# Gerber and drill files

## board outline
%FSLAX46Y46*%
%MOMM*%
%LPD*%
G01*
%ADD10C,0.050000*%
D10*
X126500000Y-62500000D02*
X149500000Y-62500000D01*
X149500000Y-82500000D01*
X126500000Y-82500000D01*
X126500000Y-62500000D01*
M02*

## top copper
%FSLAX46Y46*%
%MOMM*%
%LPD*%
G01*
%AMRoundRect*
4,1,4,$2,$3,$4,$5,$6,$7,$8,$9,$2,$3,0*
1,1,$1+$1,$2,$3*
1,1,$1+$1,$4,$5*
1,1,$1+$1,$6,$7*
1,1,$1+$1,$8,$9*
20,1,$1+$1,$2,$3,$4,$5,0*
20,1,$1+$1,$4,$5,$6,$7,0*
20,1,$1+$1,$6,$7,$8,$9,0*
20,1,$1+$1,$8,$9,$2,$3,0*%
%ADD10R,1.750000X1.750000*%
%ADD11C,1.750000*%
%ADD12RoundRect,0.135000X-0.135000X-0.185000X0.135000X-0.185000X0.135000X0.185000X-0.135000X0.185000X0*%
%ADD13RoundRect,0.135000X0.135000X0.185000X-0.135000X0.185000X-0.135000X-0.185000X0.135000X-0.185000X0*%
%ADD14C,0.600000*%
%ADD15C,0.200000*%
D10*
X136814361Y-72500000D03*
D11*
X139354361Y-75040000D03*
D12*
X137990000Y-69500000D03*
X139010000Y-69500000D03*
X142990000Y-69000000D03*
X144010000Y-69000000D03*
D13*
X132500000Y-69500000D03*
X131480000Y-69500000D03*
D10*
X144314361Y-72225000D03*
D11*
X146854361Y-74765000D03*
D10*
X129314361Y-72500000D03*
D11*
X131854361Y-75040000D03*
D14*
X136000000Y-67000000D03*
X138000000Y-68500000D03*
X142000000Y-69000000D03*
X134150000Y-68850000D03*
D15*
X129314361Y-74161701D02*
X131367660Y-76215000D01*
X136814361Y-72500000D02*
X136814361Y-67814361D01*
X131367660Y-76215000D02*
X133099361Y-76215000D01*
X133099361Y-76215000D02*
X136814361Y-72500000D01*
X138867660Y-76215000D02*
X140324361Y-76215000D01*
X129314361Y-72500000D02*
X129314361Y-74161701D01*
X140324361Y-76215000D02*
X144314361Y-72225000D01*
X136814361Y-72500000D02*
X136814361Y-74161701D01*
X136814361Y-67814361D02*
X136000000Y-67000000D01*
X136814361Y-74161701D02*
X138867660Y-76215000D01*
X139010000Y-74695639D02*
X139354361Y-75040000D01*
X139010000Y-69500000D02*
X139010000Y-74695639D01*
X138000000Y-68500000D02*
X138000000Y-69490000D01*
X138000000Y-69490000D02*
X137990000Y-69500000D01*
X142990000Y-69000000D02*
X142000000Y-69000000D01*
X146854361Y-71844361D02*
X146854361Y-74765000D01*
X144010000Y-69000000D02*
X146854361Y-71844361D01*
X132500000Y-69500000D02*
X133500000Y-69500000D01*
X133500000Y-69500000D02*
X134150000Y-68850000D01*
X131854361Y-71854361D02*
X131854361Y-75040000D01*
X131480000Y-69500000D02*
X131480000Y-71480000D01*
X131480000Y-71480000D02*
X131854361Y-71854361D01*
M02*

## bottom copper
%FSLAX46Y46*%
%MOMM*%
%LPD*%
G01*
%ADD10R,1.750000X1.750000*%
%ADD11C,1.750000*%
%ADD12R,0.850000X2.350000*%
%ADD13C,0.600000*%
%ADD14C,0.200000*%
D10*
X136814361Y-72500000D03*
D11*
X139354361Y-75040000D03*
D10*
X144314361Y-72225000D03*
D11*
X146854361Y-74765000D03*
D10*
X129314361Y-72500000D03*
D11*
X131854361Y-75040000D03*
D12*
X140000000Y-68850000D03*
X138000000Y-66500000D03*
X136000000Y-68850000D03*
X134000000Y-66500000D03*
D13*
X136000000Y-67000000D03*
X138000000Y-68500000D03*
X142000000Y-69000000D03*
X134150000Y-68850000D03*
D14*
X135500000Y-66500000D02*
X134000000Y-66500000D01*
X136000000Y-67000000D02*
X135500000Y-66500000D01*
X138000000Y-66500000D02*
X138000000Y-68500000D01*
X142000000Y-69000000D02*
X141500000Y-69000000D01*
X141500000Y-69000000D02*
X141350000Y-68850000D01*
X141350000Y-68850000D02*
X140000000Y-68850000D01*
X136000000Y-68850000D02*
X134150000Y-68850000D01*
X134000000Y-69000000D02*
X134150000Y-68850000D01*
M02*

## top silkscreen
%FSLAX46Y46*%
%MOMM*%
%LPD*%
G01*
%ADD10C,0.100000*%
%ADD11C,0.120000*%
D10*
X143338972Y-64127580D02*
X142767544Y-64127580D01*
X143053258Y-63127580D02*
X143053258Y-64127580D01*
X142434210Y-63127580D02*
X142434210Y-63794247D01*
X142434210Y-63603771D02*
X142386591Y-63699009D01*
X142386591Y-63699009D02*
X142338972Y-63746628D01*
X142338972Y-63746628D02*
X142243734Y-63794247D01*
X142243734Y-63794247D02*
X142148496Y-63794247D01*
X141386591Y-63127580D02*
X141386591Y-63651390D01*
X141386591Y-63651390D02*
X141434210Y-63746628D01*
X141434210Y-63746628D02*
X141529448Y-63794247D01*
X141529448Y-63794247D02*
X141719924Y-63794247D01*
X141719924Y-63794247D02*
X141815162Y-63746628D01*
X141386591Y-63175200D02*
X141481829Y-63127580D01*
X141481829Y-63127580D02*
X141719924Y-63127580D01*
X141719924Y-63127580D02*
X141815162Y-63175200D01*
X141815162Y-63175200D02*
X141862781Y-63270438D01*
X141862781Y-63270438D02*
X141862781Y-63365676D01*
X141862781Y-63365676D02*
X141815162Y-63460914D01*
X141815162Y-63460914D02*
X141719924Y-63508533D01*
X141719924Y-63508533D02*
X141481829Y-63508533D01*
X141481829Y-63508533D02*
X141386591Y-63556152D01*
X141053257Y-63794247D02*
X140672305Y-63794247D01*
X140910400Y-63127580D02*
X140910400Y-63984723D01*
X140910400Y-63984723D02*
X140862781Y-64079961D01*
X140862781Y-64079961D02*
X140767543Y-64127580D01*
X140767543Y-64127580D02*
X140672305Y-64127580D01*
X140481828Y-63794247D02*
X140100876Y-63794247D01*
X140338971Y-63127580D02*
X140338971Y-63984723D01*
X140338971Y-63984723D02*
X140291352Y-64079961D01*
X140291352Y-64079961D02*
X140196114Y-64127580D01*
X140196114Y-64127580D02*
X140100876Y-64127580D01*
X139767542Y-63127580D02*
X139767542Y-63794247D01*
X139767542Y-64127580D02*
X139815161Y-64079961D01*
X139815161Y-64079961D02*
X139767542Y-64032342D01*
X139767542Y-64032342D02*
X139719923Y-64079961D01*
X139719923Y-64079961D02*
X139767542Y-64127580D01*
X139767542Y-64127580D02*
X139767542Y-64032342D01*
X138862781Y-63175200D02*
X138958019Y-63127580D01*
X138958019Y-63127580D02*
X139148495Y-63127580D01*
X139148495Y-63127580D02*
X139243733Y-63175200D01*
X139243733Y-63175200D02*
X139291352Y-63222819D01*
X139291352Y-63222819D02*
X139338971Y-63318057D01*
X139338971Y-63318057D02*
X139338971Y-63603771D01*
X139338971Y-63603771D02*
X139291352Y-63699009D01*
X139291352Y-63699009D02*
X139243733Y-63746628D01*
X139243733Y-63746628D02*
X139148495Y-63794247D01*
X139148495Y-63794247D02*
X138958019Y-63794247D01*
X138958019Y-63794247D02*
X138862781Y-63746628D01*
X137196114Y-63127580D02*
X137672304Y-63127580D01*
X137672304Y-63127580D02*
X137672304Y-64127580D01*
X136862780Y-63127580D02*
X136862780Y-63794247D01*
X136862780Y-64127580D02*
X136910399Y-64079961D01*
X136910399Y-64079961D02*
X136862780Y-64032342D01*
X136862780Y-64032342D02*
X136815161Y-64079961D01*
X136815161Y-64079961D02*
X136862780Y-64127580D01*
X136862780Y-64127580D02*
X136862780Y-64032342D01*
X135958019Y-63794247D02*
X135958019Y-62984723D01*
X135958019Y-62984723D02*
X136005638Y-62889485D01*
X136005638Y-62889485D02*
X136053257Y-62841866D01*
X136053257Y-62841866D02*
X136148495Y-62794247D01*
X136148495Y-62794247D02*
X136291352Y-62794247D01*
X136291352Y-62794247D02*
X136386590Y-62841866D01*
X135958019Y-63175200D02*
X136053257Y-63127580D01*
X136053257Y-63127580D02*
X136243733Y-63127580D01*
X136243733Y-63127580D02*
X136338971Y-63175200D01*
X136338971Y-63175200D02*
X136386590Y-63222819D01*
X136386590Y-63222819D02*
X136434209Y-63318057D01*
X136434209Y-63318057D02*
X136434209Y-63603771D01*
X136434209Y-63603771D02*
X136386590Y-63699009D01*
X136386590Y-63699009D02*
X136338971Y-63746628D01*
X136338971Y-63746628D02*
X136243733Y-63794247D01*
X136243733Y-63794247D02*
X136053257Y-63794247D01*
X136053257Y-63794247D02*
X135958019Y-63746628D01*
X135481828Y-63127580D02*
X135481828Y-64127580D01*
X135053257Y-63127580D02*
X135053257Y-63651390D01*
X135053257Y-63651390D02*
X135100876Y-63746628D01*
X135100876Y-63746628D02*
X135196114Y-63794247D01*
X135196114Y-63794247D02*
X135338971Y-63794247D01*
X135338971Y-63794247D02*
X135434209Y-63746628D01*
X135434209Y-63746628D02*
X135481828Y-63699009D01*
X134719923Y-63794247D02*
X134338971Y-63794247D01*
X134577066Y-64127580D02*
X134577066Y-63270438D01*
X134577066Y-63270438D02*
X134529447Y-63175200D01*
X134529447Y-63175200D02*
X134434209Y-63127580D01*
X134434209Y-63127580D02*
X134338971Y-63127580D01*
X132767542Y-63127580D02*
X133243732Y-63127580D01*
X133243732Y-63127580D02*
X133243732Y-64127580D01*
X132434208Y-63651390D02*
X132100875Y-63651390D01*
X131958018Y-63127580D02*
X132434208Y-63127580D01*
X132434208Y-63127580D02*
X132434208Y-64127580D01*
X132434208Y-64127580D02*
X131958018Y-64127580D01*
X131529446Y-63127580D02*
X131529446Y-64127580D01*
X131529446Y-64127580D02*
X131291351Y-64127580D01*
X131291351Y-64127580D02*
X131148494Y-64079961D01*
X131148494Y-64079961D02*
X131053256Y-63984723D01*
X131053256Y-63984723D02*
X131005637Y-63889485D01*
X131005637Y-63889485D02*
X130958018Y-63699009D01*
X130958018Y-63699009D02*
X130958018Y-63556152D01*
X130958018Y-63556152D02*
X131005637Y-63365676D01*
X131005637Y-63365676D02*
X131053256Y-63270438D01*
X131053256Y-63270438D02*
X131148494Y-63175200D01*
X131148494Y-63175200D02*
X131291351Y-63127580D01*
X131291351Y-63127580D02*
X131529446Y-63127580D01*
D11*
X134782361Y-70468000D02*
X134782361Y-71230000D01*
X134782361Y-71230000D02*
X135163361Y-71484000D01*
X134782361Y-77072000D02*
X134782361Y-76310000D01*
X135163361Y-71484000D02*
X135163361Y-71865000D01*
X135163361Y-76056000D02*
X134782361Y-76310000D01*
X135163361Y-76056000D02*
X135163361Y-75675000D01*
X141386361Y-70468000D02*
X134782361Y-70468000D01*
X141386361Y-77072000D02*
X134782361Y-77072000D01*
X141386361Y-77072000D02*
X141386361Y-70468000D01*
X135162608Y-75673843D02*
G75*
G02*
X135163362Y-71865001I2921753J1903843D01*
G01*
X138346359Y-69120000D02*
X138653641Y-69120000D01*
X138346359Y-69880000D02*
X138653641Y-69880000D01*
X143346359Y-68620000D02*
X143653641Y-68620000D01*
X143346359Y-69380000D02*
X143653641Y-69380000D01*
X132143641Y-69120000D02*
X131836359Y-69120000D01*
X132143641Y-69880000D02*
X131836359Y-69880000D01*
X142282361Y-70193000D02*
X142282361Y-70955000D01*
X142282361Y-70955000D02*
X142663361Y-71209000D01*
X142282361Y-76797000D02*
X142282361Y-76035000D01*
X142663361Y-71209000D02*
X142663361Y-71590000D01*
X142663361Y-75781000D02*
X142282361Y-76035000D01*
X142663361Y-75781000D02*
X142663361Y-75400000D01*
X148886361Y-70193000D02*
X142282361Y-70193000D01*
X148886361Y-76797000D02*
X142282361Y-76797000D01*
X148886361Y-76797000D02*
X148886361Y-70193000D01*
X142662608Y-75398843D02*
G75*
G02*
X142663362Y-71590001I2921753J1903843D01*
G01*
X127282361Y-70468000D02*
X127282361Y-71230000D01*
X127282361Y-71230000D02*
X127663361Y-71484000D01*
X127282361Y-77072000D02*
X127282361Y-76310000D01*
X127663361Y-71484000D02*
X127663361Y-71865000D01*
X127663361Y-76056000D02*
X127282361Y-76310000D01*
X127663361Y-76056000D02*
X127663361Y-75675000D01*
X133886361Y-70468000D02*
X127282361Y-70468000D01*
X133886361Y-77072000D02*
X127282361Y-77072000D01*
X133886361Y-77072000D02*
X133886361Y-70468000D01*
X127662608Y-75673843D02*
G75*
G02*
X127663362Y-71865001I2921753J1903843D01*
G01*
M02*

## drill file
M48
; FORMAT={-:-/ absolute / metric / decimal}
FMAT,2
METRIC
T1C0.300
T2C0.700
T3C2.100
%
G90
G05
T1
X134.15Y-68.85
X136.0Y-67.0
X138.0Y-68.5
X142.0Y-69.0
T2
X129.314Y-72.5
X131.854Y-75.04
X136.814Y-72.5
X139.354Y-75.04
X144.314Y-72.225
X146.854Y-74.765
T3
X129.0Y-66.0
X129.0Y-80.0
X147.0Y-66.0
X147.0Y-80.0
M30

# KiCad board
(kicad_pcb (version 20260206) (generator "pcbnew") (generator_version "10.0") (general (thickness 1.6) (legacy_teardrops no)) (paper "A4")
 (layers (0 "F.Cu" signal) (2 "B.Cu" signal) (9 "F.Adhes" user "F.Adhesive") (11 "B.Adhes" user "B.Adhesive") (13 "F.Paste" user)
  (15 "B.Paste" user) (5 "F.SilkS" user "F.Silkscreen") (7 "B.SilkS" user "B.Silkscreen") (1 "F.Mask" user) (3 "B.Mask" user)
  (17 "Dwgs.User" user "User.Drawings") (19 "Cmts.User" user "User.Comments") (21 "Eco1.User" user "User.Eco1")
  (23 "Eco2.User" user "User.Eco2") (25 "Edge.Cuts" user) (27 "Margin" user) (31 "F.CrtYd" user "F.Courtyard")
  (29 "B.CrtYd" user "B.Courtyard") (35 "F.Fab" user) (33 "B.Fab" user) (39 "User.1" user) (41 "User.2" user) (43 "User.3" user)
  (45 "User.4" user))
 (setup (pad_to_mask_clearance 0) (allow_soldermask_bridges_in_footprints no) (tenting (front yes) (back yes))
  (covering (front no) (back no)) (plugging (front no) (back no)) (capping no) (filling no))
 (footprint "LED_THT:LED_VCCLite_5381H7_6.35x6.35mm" (layer "F.Cu") (at 136.814361 72.5)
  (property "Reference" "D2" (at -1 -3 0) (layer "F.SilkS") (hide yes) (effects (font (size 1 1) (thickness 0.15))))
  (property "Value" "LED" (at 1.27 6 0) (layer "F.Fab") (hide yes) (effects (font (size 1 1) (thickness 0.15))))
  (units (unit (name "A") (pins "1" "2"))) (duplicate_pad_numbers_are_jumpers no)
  (fp_line (start -2.032 -2.032) (end -2.032 -1.27) (stroke (width 0.12) (type solid)) (layer "F.SilkS"))
  (fp_line (start -2.032 -1.27) (end -1.651 -1.016) (stroke (width 0.12) (type solid)) (layer "F.SilkS"))
  (fp_line (start -2.032 4.572) (end -2.032 3.81) (stroke (width 0.12) (type solid)) (layer "F.SilkS"))
  (fp_line (start -1.651 -1.016) (end -1.651 -0.635) (stroke (width 0.12) (type solid)) (layer "F.SilkS"))
  (fp_line (start -1.651 3.556) (end -2.032 3.81) (stroke (width 0.12) (type solid)) (layer "F.SilkS"))
  (fp_line (start -1.651 3.556) (end -1.651 3.175) (stroke (width 0.12) (type solid)) (layer "F.SilkS"))
  (fp_line (start 4.572 -2.032) (end -2.032 -2.032) (stroke (width 0.12) (type solid)) (layer "F.SilkS"))
  (fp_line (start 4.572 4.572) (end -2.032 4.572) (stroke (width 0.12) (type solid)) (layer "F.SilkS"))
  (fp_line (start 4.572 4.572) (end 4.572 -2.032) (stroke (width 0.12) (type solid)) (layer "F.SilkS"))
  (fp_arc (start -1.651753 3.173843) (mid -2.2173 1.26931) (end -1.650999 -0.634999) (stroke (width 0.12) (type solid)) (layer "F.SilkS"))
  (pad "1" thru_hole rect (at 0 0 270) (size 1.75 1.75) (drill 0.7) (layers "*.Cu" "*.Mask") (remove_unused_layers no) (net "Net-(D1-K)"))
  (pad "2" thru_hole circle (at 2.54 2.54 270) (size 1.75 1.75) (drill 0.7) (layers "*.Cu" "*.Mask") (remove_unused_layers no)
   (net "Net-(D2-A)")))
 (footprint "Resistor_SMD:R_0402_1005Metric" (layer "F.Cu") (at 138.5 69.5)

PROBLEM TO WORK ON:
From the records above, reproduce exactly the lines from the one with "X142434210Y-63127580D02*" to the one with "X139815161Y-64079961D02*", both included, and no others.

TASK RESULT:
X142434210Y-63127580D02*
X142434210Y-63794247D01*
X142434210Y-63603771D02*
X142386591Y-63699009D01*
X142386591Y-63699009D02*
X142338972Y-63746628D01*
X142338972Y-63746628D02*
X142243734Y-63794247D01*
X142243734Y-63794247D02*
X142148496Y-63794247D01*
X141386591Y-63127580D02*
X141386591Y-63651390D01*
X141386591Y-63651390D02*
X141434210Y-63746628D01*
X141434210Y-63746628D02*
X141529448Y-63794247D01*
X141529448Y-63794247D02*
X141719924Y-63794247D01*
X141719924Y-63794247D02*
X141815162Y-63746628D01*
X141386591Y-63175200D02*
X141481829Y-63127580D01*
X141481829Y-63127580D02*
X141719924Y-63127580D01*
X141719924Y-63127580D02*
X141815162Y-63175200D01*
X141815162Y-63175200D02*
X141862781Y-63270438D01*
X141862781Y-63270438D02*
X141862781Y-63365676D01*
X141862781Y-63365676D02*
X141815162Y-63460914D01*
X141815162Y-63460914D02*
X141719924Y-63508533D01*
X141719924Y-63508533D02*
X141481829Y-63508533D01*
X141481829Y-63508533D02*
X141386591Y-63556152D01*
X141053257Y-63794247D02*
X140672305Y-63794247D01*
X140910400Y-63127580D02*
X140910400Y-63984723D01*
X140910400Y-63984723D02*
X140862781Y-64079961D01*
X140862781Y-64079961D02*
X140767543Y-64127580D01*
X140767543Y-64127580D02*
X140672305Y-64127580D01*
X140481828Y-63794247D02*
X140100876Y-63794247D01*
X140338971Y-63127580D02*
X140338971Y-63984723D01*
X140338971Y-63984723D02*
X140291352Y-64079961D01*
X140291352Y-64079961D02*
X140196114Y-64127580D01*
X140196114Y-64127580D02*
X140100876Y-64127580D01*
X139767542Y-63127580D02*
X139767542Y-63794247D01*
X139767542Y-64127580D02*
X139815161Y-64079961D01*
X139815161Y-64079961D02*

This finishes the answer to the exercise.